→ What to work on:
Look below for the line holding "X52910000Y-39386000D01*" and the line holding "X25960000Y-67836000D02*". Transcribe exactly those lines and all lines between them, nothing more.

___ Records for this task ___

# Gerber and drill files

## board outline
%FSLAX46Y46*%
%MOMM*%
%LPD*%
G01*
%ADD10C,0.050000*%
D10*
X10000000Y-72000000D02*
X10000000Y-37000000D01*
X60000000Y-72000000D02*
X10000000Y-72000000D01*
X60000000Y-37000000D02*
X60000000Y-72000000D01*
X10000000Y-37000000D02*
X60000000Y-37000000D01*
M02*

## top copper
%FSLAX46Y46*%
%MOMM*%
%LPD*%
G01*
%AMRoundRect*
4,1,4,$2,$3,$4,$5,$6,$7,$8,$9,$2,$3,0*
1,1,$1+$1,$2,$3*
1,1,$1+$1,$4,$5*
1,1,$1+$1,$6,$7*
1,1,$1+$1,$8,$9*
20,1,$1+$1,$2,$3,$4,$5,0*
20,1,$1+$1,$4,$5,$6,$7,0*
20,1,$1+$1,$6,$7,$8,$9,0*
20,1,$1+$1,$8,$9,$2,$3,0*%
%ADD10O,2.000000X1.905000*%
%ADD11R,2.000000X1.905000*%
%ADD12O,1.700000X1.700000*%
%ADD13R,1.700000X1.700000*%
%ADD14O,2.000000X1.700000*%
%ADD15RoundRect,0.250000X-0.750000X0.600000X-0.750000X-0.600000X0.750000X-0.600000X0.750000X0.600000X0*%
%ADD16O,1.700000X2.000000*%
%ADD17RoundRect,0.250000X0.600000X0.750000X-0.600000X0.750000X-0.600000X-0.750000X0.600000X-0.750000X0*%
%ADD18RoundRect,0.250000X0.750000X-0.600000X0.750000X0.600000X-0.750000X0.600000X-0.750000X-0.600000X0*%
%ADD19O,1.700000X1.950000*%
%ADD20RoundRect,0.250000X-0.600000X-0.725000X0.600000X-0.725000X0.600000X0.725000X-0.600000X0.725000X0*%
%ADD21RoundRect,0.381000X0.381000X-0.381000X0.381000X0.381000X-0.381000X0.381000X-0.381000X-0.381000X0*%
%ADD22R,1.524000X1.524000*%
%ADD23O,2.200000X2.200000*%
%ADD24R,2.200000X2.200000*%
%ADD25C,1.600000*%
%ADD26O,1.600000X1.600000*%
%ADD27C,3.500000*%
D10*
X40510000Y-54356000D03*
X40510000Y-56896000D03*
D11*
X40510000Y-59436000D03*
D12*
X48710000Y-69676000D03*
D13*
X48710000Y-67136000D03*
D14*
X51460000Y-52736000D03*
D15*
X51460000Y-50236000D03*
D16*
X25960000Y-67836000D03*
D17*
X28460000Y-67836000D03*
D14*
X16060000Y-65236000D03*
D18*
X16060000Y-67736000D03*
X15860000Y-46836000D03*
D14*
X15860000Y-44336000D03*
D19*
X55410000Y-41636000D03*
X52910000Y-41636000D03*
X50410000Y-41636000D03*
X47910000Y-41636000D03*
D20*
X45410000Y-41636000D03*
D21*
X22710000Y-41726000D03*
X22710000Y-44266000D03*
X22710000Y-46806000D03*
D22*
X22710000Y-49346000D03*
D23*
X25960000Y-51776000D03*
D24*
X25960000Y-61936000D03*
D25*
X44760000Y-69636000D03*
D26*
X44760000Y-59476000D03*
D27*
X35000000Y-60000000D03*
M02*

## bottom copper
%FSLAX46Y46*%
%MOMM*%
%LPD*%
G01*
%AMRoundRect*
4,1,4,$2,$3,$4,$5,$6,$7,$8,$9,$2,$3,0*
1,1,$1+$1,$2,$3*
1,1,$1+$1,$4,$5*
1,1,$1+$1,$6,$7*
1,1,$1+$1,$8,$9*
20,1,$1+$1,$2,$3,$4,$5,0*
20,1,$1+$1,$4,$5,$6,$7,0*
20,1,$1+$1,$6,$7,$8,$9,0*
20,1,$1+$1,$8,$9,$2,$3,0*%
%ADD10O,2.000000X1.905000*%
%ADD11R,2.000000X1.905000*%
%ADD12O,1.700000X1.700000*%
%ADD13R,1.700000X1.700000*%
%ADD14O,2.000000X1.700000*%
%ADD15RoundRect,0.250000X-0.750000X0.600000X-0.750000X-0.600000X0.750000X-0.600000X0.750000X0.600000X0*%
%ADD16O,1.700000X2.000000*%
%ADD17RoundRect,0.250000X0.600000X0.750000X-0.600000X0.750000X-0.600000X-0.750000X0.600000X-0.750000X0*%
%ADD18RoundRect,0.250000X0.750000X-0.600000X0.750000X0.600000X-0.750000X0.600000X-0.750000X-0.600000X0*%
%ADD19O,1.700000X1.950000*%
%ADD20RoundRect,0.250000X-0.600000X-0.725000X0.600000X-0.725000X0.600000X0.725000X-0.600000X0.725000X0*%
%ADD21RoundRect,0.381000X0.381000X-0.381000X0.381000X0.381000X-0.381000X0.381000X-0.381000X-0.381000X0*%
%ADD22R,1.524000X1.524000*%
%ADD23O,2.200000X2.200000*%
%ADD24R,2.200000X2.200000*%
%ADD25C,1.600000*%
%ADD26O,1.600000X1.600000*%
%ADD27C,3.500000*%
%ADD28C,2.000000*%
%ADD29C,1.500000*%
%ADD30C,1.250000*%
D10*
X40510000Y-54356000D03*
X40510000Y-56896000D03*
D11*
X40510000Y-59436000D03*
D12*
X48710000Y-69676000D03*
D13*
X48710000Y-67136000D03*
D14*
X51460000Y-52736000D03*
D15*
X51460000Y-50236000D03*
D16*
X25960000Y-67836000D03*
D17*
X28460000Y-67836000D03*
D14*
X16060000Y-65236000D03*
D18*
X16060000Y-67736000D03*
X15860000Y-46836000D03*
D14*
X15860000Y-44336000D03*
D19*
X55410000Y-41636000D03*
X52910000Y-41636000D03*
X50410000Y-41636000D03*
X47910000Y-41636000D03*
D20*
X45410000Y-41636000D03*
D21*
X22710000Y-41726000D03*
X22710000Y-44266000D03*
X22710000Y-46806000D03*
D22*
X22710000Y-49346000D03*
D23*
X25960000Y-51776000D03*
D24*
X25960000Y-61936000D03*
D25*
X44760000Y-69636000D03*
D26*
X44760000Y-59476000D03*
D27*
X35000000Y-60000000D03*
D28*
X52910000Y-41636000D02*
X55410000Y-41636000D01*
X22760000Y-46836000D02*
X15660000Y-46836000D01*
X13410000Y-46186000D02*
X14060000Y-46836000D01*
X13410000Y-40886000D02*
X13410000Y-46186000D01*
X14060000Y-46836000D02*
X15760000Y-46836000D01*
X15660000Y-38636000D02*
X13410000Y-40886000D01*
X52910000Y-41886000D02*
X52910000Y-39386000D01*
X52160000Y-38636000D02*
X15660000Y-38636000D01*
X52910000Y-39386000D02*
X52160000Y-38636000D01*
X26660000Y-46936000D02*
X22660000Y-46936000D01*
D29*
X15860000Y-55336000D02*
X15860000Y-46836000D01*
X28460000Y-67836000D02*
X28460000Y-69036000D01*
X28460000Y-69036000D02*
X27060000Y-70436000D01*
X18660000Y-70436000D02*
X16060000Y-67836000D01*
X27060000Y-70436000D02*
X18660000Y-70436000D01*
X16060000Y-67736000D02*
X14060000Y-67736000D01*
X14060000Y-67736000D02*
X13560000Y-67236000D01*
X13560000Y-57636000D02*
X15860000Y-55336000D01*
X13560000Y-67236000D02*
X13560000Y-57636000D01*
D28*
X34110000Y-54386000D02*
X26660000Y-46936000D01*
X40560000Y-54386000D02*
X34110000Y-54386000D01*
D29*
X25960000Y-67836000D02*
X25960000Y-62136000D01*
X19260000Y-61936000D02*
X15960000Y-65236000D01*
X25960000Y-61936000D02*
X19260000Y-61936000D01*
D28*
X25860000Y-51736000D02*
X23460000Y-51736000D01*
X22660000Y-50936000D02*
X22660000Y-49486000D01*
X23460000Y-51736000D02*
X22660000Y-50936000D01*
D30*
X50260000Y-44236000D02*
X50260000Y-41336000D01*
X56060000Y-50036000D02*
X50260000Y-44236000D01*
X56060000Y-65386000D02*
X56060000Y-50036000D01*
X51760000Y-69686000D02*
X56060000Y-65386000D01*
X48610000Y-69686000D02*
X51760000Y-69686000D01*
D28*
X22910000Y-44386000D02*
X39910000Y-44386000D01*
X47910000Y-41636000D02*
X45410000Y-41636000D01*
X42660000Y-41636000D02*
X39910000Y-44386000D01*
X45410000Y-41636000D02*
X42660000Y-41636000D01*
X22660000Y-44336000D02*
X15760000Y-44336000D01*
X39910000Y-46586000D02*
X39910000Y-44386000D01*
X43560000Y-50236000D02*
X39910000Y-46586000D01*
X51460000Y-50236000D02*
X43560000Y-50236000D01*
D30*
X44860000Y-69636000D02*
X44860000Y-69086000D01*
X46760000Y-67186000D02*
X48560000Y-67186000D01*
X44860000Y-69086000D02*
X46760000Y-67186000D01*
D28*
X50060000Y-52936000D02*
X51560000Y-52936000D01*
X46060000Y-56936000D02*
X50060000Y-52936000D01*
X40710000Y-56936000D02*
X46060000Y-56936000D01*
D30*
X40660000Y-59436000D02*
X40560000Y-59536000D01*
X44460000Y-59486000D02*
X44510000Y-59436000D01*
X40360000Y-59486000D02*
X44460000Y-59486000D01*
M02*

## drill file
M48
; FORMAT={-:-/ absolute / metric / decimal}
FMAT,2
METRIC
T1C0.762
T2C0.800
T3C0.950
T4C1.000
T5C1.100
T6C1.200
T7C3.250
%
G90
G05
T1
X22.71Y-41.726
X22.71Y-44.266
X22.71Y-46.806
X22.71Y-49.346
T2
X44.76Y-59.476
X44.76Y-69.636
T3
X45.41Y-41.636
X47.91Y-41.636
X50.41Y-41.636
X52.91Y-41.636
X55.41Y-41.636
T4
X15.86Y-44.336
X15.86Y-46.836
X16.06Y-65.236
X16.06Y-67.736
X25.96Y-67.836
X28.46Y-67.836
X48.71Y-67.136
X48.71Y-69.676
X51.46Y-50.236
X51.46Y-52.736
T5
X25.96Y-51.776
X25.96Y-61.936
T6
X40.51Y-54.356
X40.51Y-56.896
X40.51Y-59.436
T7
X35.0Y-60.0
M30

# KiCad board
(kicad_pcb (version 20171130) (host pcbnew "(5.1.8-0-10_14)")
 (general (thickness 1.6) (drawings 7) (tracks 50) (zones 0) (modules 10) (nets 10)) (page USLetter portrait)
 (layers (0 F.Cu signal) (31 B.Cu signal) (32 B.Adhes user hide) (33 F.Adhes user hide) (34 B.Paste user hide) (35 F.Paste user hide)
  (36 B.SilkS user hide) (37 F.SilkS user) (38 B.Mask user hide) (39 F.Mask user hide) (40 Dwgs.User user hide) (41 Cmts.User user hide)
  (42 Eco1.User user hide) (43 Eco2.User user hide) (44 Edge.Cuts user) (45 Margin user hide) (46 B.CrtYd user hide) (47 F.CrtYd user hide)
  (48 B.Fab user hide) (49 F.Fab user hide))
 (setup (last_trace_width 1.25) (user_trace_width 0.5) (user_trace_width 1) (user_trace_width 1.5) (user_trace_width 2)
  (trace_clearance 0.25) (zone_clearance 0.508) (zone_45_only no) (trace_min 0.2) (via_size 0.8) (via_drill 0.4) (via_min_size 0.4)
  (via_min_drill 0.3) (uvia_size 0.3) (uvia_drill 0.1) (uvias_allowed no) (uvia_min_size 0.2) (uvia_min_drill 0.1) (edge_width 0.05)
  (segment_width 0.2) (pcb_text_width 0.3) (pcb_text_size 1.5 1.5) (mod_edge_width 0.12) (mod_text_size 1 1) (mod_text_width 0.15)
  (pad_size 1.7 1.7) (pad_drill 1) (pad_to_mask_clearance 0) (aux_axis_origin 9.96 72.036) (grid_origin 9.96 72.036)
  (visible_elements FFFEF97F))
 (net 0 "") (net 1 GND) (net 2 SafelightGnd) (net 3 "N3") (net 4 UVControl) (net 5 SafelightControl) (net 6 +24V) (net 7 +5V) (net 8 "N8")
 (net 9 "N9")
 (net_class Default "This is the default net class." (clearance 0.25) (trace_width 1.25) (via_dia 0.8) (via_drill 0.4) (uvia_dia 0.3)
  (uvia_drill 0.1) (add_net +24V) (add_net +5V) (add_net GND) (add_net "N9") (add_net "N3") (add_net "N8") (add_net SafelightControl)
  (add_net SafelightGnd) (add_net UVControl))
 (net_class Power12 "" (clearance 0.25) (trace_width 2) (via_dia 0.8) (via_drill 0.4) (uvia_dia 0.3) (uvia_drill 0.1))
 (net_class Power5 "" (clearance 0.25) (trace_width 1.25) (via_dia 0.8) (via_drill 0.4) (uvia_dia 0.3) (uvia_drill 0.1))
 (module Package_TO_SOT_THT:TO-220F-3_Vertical (layer F.Cu) (at 40.51 59.436 90)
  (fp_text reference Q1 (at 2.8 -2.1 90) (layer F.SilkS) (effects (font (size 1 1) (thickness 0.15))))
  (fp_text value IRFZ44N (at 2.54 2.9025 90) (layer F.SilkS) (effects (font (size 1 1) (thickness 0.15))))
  (pad 3 thru_hole oval (at 5.08 0 90) (size 1.905 2) (drill 1.2) (layers *.Cu *.Mask) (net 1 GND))
  (pad 2 thru_hole oval (at 2.54 0 90) (size 1.905 2) (drill 1.2) (layers *.Cu *.Mask) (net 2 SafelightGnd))
  (pad 1 thru_hole rect (at 0 0 90) (size 1.905 2) (drill 1.2) (layers *.Cu *.Mask) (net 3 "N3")))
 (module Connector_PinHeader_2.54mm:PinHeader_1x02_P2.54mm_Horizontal (layer F.Cu) (at 48.71 67.136)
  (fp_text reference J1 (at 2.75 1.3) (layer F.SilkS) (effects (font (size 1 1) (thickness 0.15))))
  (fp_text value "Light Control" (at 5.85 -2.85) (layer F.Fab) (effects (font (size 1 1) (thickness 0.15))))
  (pad 2 thru_hole oval (at 0 2.54) (size 1.7 1.7) (drill 1) (layers *.Cu *.Mask) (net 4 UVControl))
  (pad 1 thru_hole rect (at 0 0) (size 1.7 1.7) (drill 1) (layers *.Cu *.Mask) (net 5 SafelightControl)))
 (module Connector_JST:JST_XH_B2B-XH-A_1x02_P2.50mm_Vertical (layer F.Cu) (at 51.46 50.236 270)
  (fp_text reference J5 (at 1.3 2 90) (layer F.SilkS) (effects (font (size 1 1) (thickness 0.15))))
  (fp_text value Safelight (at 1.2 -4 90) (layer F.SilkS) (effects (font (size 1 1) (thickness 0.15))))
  (pad 2 thru_hole oval (at 2.5 0 270) (size 1.7 2) (drill 1) (layers *.Cu *.Mask) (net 2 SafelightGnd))
  (pad 1 thru_hole roundrect (at 0 0 270) (size 1.7 2) (drill 1) (layers *.Cu *.Mask) (roundrect_rratio 0.1470588235294118) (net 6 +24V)))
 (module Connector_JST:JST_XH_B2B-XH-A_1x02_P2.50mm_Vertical (layer F.Cu) (at 28.46 67.836 180)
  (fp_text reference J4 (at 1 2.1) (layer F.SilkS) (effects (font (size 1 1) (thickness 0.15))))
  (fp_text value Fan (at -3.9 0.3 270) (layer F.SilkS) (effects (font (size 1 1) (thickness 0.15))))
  (pad 2 thru_hole oval (at 2.5 0 180) (size 1.7 2) (drill 1) (layers *.Cu *.Mask) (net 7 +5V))
  (pad 1 thru_hole roundrect (at 0 0 180) (size 1.7 2) (drill 1) (layers *.Cu *.Mask) (roundrect_rratio 0.1470588235294118) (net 1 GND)))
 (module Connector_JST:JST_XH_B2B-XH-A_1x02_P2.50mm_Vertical (layer F.Cu) (at 16.06 67.736 90)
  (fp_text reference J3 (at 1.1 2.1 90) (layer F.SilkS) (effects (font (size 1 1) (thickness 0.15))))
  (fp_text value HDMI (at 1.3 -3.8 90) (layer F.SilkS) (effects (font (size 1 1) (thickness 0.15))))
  (pad 2 thru_hole oval (at 2.5 0 90) (size 1.7 2) (drill 1) (layers *.Cu *.Mask) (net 7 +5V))
  (pad 1 thru_hole roundrect (at 0 0 90) (size 1.7 2) (drill 1) (layers *.Cu *.Mask) (roundrect_rratio 0.1470588235294118) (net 1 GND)))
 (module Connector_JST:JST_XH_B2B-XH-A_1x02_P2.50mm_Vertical (layer F.Cu) (at 15.86 46.836 90)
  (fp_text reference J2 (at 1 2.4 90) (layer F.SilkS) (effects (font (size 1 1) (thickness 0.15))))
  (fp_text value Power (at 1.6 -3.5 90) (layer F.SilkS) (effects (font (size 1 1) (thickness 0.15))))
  (pad 1 thru_hole roundrect (at 0 0 90) (size 1.7 2) (drill 1) (layers *.Cu *.Mask) (roundrect_rratio 0.1470588235294118) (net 1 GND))
  (pad 2 thru_hole oval (at 2.5 0 90) (size 1.7 2) (drill 1) (layers *.Cu *.Mask) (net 6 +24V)))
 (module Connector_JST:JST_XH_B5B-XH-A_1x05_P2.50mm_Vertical (layer F.Cu) (at 45.41 41.636)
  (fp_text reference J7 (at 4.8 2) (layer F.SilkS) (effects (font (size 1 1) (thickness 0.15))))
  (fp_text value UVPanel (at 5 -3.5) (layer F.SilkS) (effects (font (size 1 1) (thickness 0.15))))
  (pad 5 thru_hole oval (at 10 0) (size 1.7 1.95) (drill 0.95) (layers *.Cu *.Mask) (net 1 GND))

___

→ Exercise answer:
X52910000Y-39386000D01*
X52160000Y-38636000D02*
X15660000Y-38636000D01*
X52910000Y-39386000D02*
X52160000Y-38636000D01*
X26660000Y-46936000D02*
X22660000Y-46936000D01*
D29*
X15860000Y-55336000D02*
X15860000Y-46836000D01*
X28460000Y-67836000D02*
X28460000Y-69036000D01*
X28460000Y-69036000D02*
X27060000Y-70436000D01*
X18660000Y-70436000D02*
X16060000Y-67836000D01*
X27060000Y-70436000D02*
X18660000Y-70436000D01*
X16060000Y-67736000D02*
X14060000Y-67736000D01*
X14060000Y-67736000D02*
X13560000Y-67236000D01*
X13560000Y-57636000D02*
X15860000Y-55336000D01*
X13560000Y-67236000D02*
X13560000Y-57636000D01*
D28*
X34110000Y-54386000D02*
X26660000Y-46936000D01*
X40560000Y-54386000D02*
X34110000Y-54386000D01*
D29*
X25960000Y-67836000D02*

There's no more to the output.